Chinese retail sales rose 0.7% last month and by 12.1% from a year earlier. Like industrial production, that was the smallest on-year advance since December and down from a 23.0% average rise in the first half of this year.

Chinese fixed asset investment rose 12.6% on year in the first half of 2021, and June’s jobless rate of 5.0% matched May’s two-year low. Capacity utilization in 2Q 2021 was at a record high of 78.4% compared to a previous cyclical low of 67.3% in the first quarter of 2020. Property price inflation of 4.7% in June represented a 3-month low.

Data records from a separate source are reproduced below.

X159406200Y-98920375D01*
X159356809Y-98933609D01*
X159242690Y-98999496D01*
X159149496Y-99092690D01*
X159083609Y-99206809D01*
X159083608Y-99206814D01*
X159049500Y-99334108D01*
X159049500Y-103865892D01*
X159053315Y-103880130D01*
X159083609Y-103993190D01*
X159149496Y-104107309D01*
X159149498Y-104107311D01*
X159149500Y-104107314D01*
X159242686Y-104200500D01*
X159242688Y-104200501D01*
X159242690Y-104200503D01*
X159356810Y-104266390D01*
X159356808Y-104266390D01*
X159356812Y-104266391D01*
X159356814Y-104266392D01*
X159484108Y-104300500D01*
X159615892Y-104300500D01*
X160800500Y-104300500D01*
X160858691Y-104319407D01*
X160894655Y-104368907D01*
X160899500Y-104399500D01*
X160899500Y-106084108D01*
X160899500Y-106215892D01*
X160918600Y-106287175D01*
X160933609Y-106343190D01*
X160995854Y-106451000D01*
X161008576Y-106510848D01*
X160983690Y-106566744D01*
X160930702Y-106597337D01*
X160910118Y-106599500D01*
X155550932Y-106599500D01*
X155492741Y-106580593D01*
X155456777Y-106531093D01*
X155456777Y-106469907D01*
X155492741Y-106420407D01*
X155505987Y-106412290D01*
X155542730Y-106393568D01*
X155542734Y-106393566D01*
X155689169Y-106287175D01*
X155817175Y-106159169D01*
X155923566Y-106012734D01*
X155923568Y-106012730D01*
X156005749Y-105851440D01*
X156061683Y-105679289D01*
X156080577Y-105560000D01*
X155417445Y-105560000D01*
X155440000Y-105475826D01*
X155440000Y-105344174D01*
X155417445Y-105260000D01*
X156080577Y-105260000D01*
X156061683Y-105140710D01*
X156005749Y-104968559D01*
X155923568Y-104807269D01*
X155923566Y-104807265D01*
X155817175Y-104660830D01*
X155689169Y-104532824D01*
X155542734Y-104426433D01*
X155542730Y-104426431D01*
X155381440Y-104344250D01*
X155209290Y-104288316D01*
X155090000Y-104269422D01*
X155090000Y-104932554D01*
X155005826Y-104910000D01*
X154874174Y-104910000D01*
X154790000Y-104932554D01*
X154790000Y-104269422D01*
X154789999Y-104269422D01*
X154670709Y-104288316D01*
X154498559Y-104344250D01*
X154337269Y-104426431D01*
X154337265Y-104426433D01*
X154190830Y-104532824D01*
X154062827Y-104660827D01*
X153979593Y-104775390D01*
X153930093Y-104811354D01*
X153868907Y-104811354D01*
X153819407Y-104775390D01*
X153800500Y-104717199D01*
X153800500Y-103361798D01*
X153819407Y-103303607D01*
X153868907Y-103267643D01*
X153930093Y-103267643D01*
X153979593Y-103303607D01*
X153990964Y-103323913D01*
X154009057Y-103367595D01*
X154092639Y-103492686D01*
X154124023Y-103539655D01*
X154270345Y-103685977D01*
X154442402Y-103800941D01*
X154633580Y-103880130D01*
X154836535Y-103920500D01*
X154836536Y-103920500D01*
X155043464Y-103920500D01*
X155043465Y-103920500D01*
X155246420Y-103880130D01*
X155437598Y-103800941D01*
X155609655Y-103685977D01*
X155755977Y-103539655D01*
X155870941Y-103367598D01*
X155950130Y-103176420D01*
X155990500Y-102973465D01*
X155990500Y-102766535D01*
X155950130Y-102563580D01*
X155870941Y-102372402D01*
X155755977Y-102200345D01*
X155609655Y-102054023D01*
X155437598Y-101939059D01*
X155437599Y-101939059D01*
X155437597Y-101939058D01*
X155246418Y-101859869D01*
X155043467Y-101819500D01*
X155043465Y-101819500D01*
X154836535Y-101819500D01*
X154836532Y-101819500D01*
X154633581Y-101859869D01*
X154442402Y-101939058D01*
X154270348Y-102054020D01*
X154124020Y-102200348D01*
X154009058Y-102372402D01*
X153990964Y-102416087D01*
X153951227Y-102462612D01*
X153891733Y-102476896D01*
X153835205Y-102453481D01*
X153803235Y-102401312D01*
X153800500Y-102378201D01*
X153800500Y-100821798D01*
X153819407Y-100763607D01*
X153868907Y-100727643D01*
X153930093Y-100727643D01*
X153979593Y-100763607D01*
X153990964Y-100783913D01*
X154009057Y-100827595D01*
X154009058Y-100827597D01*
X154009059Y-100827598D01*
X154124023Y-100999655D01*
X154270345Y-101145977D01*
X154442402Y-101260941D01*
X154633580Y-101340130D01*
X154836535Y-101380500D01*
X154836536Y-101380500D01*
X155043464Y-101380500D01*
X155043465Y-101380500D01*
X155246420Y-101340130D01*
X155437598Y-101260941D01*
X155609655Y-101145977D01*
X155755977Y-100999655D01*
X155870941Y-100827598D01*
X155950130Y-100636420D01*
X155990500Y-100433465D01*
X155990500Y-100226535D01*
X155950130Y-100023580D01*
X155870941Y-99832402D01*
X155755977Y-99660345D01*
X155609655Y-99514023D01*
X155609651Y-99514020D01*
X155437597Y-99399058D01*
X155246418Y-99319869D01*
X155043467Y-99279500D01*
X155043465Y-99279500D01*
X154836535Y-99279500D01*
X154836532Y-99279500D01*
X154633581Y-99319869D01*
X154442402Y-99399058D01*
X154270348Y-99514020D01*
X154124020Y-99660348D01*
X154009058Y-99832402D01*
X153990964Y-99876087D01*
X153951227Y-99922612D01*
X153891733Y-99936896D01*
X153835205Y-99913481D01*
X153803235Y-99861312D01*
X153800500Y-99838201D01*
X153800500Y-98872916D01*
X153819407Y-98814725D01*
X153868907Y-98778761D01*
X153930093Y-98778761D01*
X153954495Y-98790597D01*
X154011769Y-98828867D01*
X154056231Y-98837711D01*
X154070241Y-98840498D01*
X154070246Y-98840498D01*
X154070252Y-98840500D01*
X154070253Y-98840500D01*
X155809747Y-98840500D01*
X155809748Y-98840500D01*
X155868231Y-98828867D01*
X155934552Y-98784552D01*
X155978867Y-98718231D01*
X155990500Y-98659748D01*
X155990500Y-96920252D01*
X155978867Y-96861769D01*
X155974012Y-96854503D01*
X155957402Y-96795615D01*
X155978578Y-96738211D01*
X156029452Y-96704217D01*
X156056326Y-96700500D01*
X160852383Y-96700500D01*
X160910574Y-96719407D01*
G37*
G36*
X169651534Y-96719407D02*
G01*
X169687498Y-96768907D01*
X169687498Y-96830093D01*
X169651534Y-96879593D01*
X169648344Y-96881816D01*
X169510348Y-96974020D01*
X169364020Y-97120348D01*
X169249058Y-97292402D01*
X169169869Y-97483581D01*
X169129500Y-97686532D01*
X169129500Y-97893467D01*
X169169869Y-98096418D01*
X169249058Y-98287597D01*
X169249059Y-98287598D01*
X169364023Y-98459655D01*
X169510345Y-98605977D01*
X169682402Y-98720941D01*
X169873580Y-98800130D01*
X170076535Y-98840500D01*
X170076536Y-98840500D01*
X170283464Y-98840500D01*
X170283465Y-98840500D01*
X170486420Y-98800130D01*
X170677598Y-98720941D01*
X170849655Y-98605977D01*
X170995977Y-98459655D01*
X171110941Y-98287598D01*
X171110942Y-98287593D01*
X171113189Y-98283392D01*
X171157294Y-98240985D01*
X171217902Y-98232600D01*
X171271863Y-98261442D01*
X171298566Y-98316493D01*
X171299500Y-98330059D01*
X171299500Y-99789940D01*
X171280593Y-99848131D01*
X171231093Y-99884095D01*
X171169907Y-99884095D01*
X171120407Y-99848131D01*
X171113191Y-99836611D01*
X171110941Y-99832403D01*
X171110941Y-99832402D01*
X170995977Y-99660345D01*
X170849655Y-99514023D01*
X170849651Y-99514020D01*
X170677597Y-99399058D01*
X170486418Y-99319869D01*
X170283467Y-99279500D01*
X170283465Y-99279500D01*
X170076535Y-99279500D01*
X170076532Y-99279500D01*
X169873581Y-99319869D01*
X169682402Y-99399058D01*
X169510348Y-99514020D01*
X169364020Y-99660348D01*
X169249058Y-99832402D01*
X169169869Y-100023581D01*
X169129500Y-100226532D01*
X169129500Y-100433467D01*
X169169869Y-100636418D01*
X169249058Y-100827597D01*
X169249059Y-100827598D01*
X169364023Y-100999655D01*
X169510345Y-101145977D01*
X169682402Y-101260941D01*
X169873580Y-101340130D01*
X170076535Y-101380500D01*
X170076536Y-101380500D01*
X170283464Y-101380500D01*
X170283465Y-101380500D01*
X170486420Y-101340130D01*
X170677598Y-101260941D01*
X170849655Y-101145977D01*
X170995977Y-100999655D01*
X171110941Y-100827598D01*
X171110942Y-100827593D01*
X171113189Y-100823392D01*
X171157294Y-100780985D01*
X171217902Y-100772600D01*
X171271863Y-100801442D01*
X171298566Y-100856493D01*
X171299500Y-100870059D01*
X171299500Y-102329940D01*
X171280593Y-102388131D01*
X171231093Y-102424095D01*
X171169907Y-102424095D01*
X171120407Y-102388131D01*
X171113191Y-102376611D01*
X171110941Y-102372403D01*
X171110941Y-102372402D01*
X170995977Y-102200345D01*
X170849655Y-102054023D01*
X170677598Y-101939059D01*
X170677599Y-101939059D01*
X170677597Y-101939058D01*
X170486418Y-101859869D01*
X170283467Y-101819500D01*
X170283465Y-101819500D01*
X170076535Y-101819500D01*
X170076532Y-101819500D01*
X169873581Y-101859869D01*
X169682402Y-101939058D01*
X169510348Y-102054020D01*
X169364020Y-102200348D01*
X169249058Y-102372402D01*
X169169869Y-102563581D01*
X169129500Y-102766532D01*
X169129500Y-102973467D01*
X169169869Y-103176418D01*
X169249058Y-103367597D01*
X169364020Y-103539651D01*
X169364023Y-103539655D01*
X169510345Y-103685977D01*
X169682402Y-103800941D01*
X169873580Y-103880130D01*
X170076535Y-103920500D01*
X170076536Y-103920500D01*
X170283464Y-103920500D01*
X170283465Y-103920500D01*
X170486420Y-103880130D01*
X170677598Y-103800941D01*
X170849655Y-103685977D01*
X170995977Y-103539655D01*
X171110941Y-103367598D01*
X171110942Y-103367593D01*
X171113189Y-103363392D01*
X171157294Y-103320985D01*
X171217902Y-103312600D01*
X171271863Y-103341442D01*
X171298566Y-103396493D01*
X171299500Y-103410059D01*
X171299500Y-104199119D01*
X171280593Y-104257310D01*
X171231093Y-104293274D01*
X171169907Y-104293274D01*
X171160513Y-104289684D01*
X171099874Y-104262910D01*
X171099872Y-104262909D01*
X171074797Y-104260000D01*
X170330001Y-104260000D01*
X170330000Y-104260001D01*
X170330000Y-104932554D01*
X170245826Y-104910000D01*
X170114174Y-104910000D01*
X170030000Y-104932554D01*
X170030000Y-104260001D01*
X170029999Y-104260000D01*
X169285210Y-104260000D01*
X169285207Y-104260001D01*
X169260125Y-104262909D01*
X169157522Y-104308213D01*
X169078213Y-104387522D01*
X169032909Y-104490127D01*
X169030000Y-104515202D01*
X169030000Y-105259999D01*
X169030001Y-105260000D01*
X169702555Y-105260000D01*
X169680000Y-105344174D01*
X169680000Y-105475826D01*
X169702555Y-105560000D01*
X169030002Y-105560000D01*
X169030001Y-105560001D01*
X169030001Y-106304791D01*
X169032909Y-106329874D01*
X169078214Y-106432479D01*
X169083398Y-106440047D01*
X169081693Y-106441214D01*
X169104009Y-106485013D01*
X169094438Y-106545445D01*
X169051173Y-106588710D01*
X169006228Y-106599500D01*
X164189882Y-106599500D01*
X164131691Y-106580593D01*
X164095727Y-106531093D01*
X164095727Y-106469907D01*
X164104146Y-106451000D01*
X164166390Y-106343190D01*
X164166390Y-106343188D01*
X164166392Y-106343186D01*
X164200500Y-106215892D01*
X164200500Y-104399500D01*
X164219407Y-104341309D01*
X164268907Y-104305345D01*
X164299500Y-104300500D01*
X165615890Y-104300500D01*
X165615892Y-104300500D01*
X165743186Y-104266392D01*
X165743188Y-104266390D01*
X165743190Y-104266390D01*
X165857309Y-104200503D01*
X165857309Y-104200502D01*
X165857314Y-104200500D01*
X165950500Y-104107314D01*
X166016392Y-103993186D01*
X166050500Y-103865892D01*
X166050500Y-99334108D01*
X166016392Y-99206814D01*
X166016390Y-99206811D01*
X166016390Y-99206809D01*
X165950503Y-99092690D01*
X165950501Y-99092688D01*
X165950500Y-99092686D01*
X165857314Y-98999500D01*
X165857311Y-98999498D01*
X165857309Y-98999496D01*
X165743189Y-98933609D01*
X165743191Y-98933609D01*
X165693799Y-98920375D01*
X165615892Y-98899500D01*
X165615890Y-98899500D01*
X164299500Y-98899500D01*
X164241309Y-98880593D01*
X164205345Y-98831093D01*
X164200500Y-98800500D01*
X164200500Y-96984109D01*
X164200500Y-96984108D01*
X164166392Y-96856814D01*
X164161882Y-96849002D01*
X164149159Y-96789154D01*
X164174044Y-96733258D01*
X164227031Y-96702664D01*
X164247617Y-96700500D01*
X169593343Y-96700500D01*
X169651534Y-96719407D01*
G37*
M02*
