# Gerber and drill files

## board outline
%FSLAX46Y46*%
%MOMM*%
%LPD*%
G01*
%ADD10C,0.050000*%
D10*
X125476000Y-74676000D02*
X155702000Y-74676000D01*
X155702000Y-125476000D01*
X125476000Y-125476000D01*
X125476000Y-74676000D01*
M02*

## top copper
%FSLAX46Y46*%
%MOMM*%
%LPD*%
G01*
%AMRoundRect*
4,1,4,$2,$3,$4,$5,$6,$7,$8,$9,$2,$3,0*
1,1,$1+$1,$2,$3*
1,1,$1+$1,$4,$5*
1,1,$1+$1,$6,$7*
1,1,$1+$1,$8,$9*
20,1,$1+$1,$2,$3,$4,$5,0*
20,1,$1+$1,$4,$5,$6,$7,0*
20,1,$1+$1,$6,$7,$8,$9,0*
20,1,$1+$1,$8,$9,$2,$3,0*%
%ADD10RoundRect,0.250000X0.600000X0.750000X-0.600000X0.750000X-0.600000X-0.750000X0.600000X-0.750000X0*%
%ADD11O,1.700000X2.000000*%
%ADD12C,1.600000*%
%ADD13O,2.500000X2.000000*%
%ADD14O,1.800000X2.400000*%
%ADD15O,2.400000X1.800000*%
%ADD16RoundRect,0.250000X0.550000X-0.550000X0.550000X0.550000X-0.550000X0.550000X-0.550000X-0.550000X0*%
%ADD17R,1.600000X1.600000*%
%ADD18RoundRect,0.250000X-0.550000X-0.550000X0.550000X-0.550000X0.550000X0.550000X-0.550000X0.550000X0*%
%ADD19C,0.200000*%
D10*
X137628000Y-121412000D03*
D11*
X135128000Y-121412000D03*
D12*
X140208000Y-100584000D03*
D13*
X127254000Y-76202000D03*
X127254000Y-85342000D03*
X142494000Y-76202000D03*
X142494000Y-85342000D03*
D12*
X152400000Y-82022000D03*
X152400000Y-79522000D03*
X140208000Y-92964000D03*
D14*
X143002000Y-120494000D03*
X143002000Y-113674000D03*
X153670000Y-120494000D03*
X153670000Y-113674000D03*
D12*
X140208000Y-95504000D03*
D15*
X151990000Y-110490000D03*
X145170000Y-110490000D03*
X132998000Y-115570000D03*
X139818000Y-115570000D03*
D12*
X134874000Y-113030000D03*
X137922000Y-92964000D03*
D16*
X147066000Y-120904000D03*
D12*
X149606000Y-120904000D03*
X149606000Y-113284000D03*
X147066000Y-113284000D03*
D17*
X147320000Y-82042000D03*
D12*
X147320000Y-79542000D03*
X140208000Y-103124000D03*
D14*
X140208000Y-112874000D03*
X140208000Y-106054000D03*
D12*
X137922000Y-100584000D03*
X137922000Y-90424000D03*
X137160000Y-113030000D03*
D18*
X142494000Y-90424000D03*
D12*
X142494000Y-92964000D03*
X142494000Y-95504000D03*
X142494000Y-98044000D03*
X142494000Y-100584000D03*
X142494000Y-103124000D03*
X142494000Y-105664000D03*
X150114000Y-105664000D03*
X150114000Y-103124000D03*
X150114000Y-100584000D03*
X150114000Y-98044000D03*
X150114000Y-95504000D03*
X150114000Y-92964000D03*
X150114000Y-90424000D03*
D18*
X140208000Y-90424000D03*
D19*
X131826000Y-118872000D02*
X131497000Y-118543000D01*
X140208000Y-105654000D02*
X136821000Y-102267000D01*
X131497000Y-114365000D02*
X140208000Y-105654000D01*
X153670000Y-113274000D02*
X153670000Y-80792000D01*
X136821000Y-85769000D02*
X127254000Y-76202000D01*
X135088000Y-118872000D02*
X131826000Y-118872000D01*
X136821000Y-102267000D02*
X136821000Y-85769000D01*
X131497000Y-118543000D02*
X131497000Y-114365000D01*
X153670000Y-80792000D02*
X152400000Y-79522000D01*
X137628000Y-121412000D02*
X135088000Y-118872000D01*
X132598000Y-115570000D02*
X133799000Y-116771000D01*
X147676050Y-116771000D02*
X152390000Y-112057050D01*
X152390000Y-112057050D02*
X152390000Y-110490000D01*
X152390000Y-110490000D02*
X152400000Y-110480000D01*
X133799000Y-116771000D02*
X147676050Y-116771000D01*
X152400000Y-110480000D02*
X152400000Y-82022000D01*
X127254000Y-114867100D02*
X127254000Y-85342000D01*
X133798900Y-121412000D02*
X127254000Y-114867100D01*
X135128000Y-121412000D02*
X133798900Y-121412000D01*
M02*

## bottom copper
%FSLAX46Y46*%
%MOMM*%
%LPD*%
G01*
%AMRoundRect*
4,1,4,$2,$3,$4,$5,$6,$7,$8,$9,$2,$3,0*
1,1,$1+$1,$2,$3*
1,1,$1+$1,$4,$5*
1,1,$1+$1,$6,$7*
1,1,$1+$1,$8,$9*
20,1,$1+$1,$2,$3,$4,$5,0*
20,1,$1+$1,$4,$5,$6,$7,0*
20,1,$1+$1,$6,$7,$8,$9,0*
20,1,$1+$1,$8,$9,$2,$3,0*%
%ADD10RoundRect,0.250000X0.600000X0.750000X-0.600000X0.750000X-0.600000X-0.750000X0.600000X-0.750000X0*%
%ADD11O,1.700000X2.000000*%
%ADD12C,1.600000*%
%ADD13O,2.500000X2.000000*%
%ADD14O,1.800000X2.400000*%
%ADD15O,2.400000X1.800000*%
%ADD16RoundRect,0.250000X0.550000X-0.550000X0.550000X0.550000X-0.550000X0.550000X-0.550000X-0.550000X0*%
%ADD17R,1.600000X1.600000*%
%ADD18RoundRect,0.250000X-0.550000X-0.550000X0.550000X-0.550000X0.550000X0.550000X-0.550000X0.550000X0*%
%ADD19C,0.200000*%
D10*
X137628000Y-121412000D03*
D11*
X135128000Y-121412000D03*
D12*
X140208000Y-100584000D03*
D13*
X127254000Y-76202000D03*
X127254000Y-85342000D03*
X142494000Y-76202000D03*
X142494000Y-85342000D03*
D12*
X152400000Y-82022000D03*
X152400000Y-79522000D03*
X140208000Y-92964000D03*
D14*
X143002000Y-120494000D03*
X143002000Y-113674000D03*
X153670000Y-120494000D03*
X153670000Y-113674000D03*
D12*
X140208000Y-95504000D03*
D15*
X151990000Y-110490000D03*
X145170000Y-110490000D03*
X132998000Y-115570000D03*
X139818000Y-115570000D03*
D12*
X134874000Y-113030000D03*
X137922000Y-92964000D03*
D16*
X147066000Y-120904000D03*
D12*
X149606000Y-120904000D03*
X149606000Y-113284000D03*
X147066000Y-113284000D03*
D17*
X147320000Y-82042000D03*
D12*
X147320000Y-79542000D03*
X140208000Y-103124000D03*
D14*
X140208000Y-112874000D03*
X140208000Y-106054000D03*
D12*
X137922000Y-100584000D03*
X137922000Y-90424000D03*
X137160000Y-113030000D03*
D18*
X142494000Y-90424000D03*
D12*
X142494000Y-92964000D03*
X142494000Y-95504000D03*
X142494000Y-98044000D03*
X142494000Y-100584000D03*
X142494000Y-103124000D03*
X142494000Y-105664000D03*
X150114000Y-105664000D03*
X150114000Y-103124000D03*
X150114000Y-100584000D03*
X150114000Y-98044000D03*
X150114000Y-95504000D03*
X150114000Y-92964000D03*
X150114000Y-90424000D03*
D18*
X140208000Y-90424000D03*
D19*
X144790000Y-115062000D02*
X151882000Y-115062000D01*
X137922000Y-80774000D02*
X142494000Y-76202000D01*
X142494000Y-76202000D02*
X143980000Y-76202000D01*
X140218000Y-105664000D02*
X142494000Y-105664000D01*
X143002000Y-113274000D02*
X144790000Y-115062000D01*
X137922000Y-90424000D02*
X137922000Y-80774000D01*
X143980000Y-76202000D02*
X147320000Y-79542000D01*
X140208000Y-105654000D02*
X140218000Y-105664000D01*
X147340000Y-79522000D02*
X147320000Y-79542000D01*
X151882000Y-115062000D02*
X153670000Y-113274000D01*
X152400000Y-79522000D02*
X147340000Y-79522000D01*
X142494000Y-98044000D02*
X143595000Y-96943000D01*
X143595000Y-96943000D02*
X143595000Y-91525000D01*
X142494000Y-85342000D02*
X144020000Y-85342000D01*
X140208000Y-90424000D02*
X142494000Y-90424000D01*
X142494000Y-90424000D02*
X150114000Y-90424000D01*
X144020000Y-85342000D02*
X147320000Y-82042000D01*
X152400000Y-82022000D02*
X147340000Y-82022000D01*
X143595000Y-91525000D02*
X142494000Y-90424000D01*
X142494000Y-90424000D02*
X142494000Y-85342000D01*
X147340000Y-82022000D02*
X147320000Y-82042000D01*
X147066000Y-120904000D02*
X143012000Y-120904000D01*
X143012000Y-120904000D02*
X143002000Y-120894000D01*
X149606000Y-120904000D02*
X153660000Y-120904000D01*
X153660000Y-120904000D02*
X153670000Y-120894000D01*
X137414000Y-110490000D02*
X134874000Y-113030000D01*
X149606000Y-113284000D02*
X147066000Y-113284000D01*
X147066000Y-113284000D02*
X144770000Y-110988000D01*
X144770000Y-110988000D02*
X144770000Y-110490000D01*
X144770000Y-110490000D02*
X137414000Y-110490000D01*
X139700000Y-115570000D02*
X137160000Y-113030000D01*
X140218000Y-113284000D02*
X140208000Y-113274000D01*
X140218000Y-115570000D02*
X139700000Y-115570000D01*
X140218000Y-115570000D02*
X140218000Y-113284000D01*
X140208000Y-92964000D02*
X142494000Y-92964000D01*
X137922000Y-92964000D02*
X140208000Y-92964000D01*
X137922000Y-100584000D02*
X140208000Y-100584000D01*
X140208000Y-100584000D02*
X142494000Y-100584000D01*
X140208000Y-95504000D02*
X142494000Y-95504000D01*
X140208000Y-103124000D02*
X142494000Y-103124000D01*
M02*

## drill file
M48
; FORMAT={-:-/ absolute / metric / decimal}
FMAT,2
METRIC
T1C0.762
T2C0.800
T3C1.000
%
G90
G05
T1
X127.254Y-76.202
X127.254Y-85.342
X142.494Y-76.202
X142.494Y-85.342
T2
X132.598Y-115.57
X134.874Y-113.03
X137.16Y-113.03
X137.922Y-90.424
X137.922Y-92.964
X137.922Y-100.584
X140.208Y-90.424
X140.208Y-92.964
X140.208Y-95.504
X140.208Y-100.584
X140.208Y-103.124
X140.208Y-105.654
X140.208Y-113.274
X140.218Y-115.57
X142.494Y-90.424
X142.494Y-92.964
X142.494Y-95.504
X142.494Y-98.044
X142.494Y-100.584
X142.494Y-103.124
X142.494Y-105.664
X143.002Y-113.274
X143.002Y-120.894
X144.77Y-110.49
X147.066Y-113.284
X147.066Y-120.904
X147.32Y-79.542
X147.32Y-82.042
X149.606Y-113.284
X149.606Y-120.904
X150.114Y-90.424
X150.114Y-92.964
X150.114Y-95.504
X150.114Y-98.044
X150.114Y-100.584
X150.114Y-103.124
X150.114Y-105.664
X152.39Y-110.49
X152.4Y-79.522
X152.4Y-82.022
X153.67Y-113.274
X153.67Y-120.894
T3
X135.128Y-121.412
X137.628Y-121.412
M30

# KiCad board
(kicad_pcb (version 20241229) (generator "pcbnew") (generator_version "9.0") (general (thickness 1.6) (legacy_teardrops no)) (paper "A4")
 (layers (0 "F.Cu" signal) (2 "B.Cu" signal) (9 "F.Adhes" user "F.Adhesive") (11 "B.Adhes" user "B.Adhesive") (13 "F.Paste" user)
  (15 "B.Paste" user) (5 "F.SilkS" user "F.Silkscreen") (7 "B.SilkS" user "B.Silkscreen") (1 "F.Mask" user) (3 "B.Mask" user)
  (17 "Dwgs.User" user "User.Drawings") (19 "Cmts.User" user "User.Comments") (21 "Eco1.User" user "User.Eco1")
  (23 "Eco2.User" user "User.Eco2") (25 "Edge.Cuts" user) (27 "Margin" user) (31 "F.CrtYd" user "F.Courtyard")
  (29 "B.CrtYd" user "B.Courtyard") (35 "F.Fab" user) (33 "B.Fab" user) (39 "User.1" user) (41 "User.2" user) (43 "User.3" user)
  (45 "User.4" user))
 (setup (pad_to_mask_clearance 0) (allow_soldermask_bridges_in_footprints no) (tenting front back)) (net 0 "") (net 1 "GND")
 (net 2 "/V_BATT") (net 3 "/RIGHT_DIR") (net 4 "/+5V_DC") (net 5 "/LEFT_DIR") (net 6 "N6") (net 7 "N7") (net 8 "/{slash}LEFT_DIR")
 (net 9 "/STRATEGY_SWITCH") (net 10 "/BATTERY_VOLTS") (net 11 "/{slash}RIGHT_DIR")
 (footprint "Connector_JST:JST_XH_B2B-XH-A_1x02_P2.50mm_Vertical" (layer "F.Cu") (at 137.628 121.412 180)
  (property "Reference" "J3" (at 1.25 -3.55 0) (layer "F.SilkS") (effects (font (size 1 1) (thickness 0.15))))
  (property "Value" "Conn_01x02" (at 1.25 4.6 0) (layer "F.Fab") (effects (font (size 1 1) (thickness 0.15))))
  (pad "1" thru_hole roundrect (at 0 0 180) (size 1.7 2) (drill 1) (layers "*.Cu" "*.Mask") (remove_unused_layers no)
   (roundrect_rratio 0.147059) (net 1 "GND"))
  (pad "2" thru_hole oval (at 2.5 0 180) (size 1.7 2) (drill 1) (layers "*.Cu" "*.Mask") (remove_unused_layers no) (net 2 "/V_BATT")))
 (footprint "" (layer "F.Cu") (at 140.208 100.584)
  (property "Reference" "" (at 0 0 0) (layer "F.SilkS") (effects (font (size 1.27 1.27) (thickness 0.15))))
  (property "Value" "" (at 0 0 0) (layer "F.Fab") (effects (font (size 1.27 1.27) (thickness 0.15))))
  (pad "5" thru_hole circle (at 0 0) (size 1.6 1.6) (drill 0.8) (layers "*.Cu" "*.Mask") (remove_unused_layers no) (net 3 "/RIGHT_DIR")))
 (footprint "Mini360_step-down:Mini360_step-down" (layer "F.Cu") (at 134.874 80.772)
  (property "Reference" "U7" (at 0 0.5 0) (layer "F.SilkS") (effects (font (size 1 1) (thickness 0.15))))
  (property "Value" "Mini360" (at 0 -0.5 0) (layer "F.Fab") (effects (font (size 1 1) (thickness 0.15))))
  (pad "1" thru_hole oval (at -7.62 -4.57) (size 2.5 2) (drill 0.762) (layers "*.Cu" "*.Mask") (remove_unused_layers no) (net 1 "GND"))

In other overnight news, Australia reported a greater-than-expected decline of unemployment to 4.9% in June from 5.1% in May, and this was accompanied by a solid 29.1k rise in employment after +115.2k in May. But labor participation remained at 66.2% instead of rising as hoped.

Japan’s tertiary index, a gauge of service sector activity, slumped 2.7% in May following drops of 0.7% in 1Q and 0.8% in April. Even so, the index was 10.3% above its pandemic-depressed level in May 2020. Japanese Covid infection pace is again intensifying with only about a week before the Tokyo Olympics are to begin.

British labor market statistics showed a spike in average wage earnings to at least a 20-year high of 7.3% on year in March-May. The count of British jobless claims fell 114.8k last month, bringing the four-month reduction since February to 282.6 thousand workers. But the jobless rate ticked back up to 4.8%, matching March’s level and following 4.7% in April.

Italian CPI inflation last month was confirmed unchanged from May’s 30-month high of 1.3%.

As expected, officials at the Bank of Korea left their base rate unchanged at 0.50%. There had been two cuts totaling 75 basis points during the first half of 2020. “he Board will maintain an accommodative stance of monetary policy as there remain uncertainties posed by the virus, although the Korean economy is expected to continue its recovery and inflation to remain at a high level for some time.”

Several U.S. economic data were reported:

  • 360 new jobless insurance claims last week were aligned with analyst expectations and their lowest since the onset of the pandemic.
  • Import prices rose 1.0% on month in June and 11.2% on year. That was the sixth monthly advance of 1.0% or more in the past seven months. In June 2020, import prices had been 4.0% lower than a year earlier. Imported fuel price inflation swung from -37.5% in June 2020 to +85.1% last month. All other import prices collectively accelerated from -0.2% in June 2020 to +6.5% in June 2021.
  • U.S. export prices advanced 1.2% in June and were 16.8% above their year earlier level.
  • The Empire State manufacturing index leaped to a record high reading of 43 this month from 17.4 in June. Analysts had anticipated only a marginal improvement.
  • The Philly Fed manufacturing index slid to 21.9 in July. That’s a 7-month low.
  • Industrial production rose only 0.4% last month due to an unexpected 0.1% dip in factory output. Capacity utilization improved 0.3 percentage points to 74.5% in June, matching the June 2020 level. In comparisons with the year-earlier month, industrial production growth fell to 9.8% in June from 16.3% in May.